[erlang-questions] Data structures are strange things

Sat Jun 9 15:48:19 CEST 2012

On 06/09/2012 01:51 AM, Robert Virding wrote:
> No, it is not surprising when you think about it. I just found it a bit surprising that the conventions which seem to apply to imperative languages have been more less imported into the functional/declarative world where they don't apply to the same degree. It seems that in the functional world going "red-black" seems to be accepted even though there aren't many benefits of it. The code is a little simpler, but for 2-3 trees the difference is very small. And it is faster for insertion and deletion.
>
> ----- Original Message -----
>> If you take a look at a typical 2-3-4 tree implementation in Java
>>      http://www.cs.berkeley.edu/~jrs/61bs02/hw/hw7/dict/Tree234.java
>>>>   http://www.cs.berkeley.edu/~jrs/61bs02/hw/hw7/dict/Tree234Node.java
>> you'll see nodes containing
>>
>> 	an integer saying how many keys there are
>> 	three keys
>> 	four links to children nodes
>> 	a link to a parent node
>>
>> Allow one word for "what is the class of this object" and that's
>> 10 words per node.
>>
>> Using Erlang tuples, we'd have
>> 	{K1,C0,C1}			4 words
>> 	{K1,K2,C0,C1,C2}		6 words
>> 	{K1,K2,K3,C0,C1,C2,C3}		8 words

One advantage the General Balanced trees have compared to RB-trees and 
AVL trees is that they don't need any additional information per node 
(like a colour or size).
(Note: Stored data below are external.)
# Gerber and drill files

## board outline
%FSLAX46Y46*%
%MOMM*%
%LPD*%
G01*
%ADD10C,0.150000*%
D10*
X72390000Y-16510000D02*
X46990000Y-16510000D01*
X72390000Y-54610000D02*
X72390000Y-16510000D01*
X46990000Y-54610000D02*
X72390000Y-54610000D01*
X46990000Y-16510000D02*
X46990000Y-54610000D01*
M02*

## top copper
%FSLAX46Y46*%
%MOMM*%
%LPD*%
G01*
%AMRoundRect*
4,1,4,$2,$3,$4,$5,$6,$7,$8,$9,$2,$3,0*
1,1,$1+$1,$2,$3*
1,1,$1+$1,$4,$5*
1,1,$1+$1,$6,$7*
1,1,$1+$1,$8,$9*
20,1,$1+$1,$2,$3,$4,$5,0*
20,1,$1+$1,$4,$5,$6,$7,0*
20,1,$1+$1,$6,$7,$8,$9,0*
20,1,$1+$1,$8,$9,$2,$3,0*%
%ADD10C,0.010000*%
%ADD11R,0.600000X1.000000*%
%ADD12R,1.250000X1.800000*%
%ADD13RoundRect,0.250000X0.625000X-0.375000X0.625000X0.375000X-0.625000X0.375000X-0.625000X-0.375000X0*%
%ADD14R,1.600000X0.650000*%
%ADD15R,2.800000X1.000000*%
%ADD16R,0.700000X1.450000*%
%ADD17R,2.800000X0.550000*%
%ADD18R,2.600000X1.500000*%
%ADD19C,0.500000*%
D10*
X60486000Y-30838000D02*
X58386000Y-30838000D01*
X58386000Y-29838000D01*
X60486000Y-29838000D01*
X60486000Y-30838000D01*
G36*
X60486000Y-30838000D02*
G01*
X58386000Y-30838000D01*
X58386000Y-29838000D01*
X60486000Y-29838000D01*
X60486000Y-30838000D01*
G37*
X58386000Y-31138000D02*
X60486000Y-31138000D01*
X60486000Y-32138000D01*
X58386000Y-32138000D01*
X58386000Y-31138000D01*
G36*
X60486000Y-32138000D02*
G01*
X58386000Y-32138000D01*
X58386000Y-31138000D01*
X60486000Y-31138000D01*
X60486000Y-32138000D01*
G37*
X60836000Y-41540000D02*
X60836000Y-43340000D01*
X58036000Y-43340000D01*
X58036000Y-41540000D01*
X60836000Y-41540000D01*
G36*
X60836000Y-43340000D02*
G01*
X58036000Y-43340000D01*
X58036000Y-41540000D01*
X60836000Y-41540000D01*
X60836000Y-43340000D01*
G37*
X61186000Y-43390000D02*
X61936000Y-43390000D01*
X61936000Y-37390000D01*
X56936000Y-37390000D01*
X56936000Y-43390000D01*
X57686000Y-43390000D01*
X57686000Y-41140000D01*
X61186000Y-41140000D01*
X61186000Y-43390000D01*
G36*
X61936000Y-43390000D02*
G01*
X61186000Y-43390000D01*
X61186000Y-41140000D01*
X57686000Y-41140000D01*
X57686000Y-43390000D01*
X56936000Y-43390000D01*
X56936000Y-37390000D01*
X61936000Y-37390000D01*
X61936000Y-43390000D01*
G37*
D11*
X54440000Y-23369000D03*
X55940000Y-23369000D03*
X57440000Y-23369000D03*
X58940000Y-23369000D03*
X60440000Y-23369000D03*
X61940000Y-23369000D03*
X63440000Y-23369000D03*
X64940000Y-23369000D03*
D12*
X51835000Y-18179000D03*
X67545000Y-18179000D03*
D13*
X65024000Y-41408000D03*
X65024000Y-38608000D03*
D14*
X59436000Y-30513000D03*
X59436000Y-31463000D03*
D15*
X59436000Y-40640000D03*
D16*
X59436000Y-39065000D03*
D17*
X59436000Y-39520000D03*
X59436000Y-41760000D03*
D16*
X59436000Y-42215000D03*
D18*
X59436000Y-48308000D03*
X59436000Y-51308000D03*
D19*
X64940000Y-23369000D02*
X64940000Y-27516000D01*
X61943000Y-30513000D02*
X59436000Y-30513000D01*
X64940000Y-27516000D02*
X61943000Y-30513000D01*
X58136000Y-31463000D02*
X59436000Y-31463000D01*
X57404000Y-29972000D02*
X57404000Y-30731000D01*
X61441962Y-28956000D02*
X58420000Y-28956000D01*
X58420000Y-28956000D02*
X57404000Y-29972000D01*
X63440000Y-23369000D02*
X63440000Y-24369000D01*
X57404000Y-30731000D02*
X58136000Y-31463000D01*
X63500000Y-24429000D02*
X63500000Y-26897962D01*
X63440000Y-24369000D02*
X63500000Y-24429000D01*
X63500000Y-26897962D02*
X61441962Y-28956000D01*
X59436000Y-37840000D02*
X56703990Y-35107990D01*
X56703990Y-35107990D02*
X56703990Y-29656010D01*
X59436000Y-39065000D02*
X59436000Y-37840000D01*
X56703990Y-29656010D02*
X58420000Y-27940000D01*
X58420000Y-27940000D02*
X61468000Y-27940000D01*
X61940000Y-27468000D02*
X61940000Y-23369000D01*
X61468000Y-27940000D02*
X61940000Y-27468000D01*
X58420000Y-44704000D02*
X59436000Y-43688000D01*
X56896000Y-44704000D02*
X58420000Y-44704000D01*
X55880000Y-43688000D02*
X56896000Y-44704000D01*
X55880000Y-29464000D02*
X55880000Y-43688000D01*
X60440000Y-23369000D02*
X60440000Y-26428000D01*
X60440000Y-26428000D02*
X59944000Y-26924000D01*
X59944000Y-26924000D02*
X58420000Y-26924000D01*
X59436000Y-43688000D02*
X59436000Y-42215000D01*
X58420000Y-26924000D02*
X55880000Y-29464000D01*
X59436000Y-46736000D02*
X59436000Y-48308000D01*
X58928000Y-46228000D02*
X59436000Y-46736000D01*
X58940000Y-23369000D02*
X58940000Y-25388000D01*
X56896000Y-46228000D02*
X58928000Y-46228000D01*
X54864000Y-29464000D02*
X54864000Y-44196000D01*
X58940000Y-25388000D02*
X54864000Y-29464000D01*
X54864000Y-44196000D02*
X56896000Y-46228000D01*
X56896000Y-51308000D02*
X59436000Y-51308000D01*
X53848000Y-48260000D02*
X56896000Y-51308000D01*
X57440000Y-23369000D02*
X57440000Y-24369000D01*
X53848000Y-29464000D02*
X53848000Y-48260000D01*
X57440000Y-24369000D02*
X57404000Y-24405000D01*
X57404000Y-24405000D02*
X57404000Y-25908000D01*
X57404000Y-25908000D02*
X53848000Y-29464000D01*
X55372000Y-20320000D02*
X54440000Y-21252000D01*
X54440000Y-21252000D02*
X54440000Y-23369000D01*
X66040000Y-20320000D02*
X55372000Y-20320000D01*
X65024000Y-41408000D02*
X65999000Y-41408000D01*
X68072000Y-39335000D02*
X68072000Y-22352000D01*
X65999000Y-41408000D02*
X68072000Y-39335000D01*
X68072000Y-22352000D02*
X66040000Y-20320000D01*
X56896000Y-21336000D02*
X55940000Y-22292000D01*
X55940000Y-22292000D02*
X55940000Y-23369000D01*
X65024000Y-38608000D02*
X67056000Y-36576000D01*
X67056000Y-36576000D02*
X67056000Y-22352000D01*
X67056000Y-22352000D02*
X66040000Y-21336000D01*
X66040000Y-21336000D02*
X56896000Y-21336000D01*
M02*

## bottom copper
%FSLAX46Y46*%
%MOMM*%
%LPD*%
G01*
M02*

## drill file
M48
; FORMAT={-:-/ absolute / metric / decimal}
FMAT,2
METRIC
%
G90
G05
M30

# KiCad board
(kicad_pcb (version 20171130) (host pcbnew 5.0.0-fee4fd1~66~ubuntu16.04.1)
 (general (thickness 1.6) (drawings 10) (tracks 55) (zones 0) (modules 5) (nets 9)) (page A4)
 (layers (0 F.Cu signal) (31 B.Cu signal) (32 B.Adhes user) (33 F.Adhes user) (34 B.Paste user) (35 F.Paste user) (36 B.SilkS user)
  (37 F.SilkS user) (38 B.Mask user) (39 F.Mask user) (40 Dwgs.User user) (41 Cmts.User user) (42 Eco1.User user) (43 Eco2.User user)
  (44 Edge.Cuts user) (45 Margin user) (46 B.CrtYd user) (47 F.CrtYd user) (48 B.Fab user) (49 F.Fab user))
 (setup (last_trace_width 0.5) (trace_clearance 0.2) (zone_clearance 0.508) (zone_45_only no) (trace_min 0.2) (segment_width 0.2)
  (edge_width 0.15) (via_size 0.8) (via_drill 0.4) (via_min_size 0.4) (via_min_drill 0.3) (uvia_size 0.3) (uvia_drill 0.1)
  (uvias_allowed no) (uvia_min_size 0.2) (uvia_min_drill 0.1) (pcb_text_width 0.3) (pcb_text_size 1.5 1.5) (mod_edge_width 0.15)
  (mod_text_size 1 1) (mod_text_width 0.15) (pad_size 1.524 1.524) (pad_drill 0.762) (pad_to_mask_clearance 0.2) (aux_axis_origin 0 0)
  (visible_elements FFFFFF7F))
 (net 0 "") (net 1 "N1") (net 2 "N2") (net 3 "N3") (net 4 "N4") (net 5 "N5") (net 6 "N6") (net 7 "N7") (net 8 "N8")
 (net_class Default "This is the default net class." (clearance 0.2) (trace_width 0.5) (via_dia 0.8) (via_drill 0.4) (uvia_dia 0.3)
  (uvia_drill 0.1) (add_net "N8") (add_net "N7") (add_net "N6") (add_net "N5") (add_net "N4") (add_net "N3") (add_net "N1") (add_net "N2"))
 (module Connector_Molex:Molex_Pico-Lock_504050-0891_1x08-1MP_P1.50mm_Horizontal (layer F.Cu) (at 59.69 20.574)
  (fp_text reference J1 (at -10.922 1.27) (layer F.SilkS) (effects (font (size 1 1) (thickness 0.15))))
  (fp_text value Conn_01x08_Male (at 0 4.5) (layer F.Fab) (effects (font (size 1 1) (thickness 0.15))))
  (pad 1 smd rect (at -5.25 2.795) (size 0.6 1) (layers F.Cu F.Paste F.Mask) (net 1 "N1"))
  (pad 2 smd rect (at -3.75 2.795) (size 0.6 1) (layers F.Cu F.Paste F.Mask) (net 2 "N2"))
  (pad 3 smd rect (at -2.25 2.795) (size 0.6 1) (layers F.Cu F.Paste F.Mask) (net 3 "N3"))
  (pad 4 smd rect (at -0.75 2.795) (size 0.6 1) (layers F.Cu F.Paste F.Mask) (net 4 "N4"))
  (pad 5 smd rect (at 0.75 2.795) (size 0.6 1) (layers F.Cu F.Paste F.Mask) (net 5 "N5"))
  (pad 6 smd rect (at 2.25 2.795) (size 0.6 1) (layers F.Cu F.Paste F.Mask) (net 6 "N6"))
  (pad 7 smd rect (at 3.75 2.795) (size 0.6 1) (layers F.Cu F.Paste F.Mask) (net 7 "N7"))
  (pad 8 smd rect (at 5.25 2.795) (size 0.6 1) (layers F.Cu F.Paste F.Mask) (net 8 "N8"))
  (pad MP smd rect (at -7.855 -2.395) (size 1.25 1.8) (layers F.Cu F.Paste F.Mask))
  (pad MP smd rect (at 7.855 -2.395) (size 1.25 1.8) (layers F.Cu F.Paste F.Mask)))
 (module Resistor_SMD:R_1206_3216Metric (layer F.Cu) (at 65.024 40.008 90)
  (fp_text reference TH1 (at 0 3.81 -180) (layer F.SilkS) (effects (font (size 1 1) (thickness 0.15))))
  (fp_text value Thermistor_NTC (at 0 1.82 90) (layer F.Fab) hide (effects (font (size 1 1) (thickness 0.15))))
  (pad 1 smd roundrect (at -1.4 0 90) (size 1.25 1.75) (layers F.Cu F.Paste F.Mask) (roundrect_rratio 0.2) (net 1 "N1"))
  (pad 2 smd roundrect (at 1.4 0 90) (size 1.25 1.75) (layers F.Cu F.Paste F.Mask) (roundrect_rratio 0.2) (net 2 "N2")))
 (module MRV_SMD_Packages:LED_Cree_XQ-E (layer F.Cu) (at 59.436 30.988 270)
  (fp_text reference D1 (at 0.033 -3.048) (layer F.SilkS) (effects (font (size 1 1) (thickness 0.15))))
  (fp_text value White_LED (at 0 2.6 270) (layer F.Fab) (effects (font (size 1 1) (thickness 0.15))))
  (fp_poly (pts (xy -0.15 -1.05) (xy -0.15 1.05) (xy -1.15 1.05) (xy -1.15 -1.05)) (layer F.Cu) (width 0.01))
  (fp_poly (pts (xy 0.15 1.05) (xy 0.15 -1.05) (xy 1.15 -1.05) (xy 1.15 1.05)) (layer F.Cu) (width 0.01))
  (pad 1 smd rect (at -0.475 0 270) (size 0.65 1.6) (layers F.Cu F.Paste F.Mask) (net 8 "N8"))
  (pad 2 smd rect (at 0.475 0 90) (size 0.65 1.6) (layers F.Cu F.Paste F.Mask) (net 7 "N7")))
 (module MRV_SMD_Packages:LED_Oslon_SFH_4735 (layer F.Cu) (at 59.436 40.64 180)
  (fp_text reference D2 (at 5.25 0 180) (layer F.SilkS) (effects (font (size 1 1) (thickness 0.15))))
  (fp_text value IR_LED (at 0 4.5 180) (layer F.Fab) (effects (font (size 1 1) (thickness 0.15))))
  (fp_poly (pts (xy -1.4 -0.9) (xy -1.4 -2.7) (xy 1.4 -2.7) (xy 1.4 -0.9)) (layer F.Cu) (width 0.01))
  (fp_poly
   (pts (xy -1.75 -2.75) (xy -2.5 -2.75) (xy -2.5 3.25) (xy 2.5 3.25) (xy 2.5 -2.75) (xy 1.75 -2.75) (xy 1.75 -0.5) (xy -1.75 -0.5))
   (layer F.Cu) (width 0.01))
  (pad 1 smd rect (at 0 0 180) (size 2.8 1) (layers F.Cu F.Paste F.Mask) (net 6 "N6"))
  (pad 1 smd rect (at 0 1.575 180) (size 0.7 1.45) (layers F.Cu F.Paste F.Mask) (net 6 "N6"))
  (pad 1 smd rect (at 0 1.12 180) (size 2.8 0.55) (layers F.Cu F.Paste F.Mask) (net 6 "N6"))
  (pad 2 smd rect (at 0 -1.12) (size 2.8 0.55) (layers F.Cu F.Paste F.Mask) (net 5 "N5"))
  (pad 2 smd rect (at 0 -1.575) (size 0.7 1.45) (layers F.Cu F.Paste F.Mask) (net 5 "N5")))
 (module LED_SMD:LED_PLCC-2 (layer F.Cu) (at 59.436 49.808 270)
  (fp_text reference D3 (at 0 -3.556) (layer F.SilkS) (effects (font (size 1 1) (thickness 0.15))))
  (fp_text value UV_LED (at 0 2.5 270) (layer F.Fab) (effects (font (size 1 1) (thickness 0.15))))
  (pad 1 smd rect (at -1.5 0 270) (size 1.5 2.6) (layers F.Cu F.Paste F.Mask) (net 4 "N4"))
  (pad 2 smd rect (at 1.5 0 270) (size 1.5 2.6) (layers F.Cu F.Paste F.Mask) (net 3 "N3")))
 (gr_line (start 72.39 16.51) (end 46.99 16.51) (layer Edge.Cuts) (width 0.15))
 (gr_line (start 72.39 54.61) (end 72.39 16.51) (layer Edge.Cuts) (width 0.15))
 (gr_line (start 46.99 54.61) (end 72.39 54.61) (layer Edge.Cuts) (width 0.15))
 (gr_line (start 46.99 16.51) (end 46.99 54.61) (layer Edge.Cuts) (width 0.15))
 (segment (start 64.94 23.369) (end 64.94 27.516) (width 0.5) (layer F.Cu) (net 8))
 (segment (start 61.943 30.513) (end 59.436 30.513) (width 0.5) (layer F.Cu) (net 8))
 (segment (start 64.94 27.516) (end 61.943 30.513) (width 0.5) (layer F.Cu) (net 8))
 (segment (start 58.136 31.463) (end 59.436 31.463) (width 0.5) (layer F.Cu) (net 7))
 (segment (start 57.404 29.972) (end 57.404 30.731) (width 0.5) (layer F.Cu) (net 7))
 (segment (start 61.441962 28.956) (end 58.42 28.956) (width 0.5) (layer F.Cu) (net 7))
 (segment (start 58.42 28.956) (end 57.404 29.972) (width 0.5) (layer F.Cu) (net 7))
 (segment (start 63.44 23.369) (end 63.44 24.369) (width 0.5) (layer F.Cu) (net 7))
 (segment (start 57.404 30.731) (end 58.136 31.463) (width 0.5) (layer F.Cu) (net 7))
 (segment (start 63.5 24.429) (end 63.5 26.897962) (width 0.5) (layer F.Cu) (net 7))
 (segment (start 63.44 24.369) (end 63.5 24.429) (width 0.5) (layer F.Cu) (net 7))
 (segment (start 63.5 26.897962) (end 61.441962 28.956) (width 0.5) (layer F.Cu) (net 7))
 (segment (start 59.436 37.84) (end 56.70399 35.10799) (width 0.5) (layer F.Cu) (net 6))
 (segment (start 56.70399 35.10799) (end 56.70399 29.65601) (width 0.5) (layer F.Cu) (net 6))
 (segment (start 59.436 39.065) (end 59.436 37.84) (width 0.5) (layer F.Cu) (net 6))
 (segment (start 56.70399 29.65601) (end 58.42 27.94) (width 0.5) (layer F.Cu) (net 6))
 (segment (start 58.42 27.94) (end 61.468 27.94) (width 0.5) (layer F.Cu) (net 6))
 (segment (start 61.94 27.468) (end 61.94 23.369) (width 0.5) (layer F.Cu) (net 6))
 (segment (start 61.468 27.94) (end 61.94 27.468) (width 0.5) (layer F.Cu) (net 6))
 (segment (start 58.42 44.704) (end 59.436 43.688) (width 0.5) (layer F.Cu) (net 5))
 (segment (start 56.896 44.704) (end 58.42 44.704) (width 0.5) (layer F.Cu) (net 5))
Each GB-tree node is {Key, Value, Smaller, 
Bigger} (5 words), and adding an extra field would mean 6 words, a 20% 
increase both in memory usage and in words written per node update. The 
code is also very straightforward, since there are no special cases 
anywhere, only a check for rebalancing.

It makes sense that 2-3-(4) trees could perform even better, since they 
reduce the height of the tree and can effectively use the size of the 
Erlang tuple as the additional balancing information as Robert and ROK 
noted. 2-3 trees are just the simplest case of B-trees, so all leaves 
are at the same depth. (It's balancing on deletion that should be the 
tricky part.)

Our experiences from implementing the array module indicate that the 
optimal node size for a tree in Erlang is around 8-10 elements, so the 
most efficient tree implementation would probably be something like a 
2-3-...-8 tree with everything unrolled. :-) (You could of course 
generate the code from a spec.)

    /Richard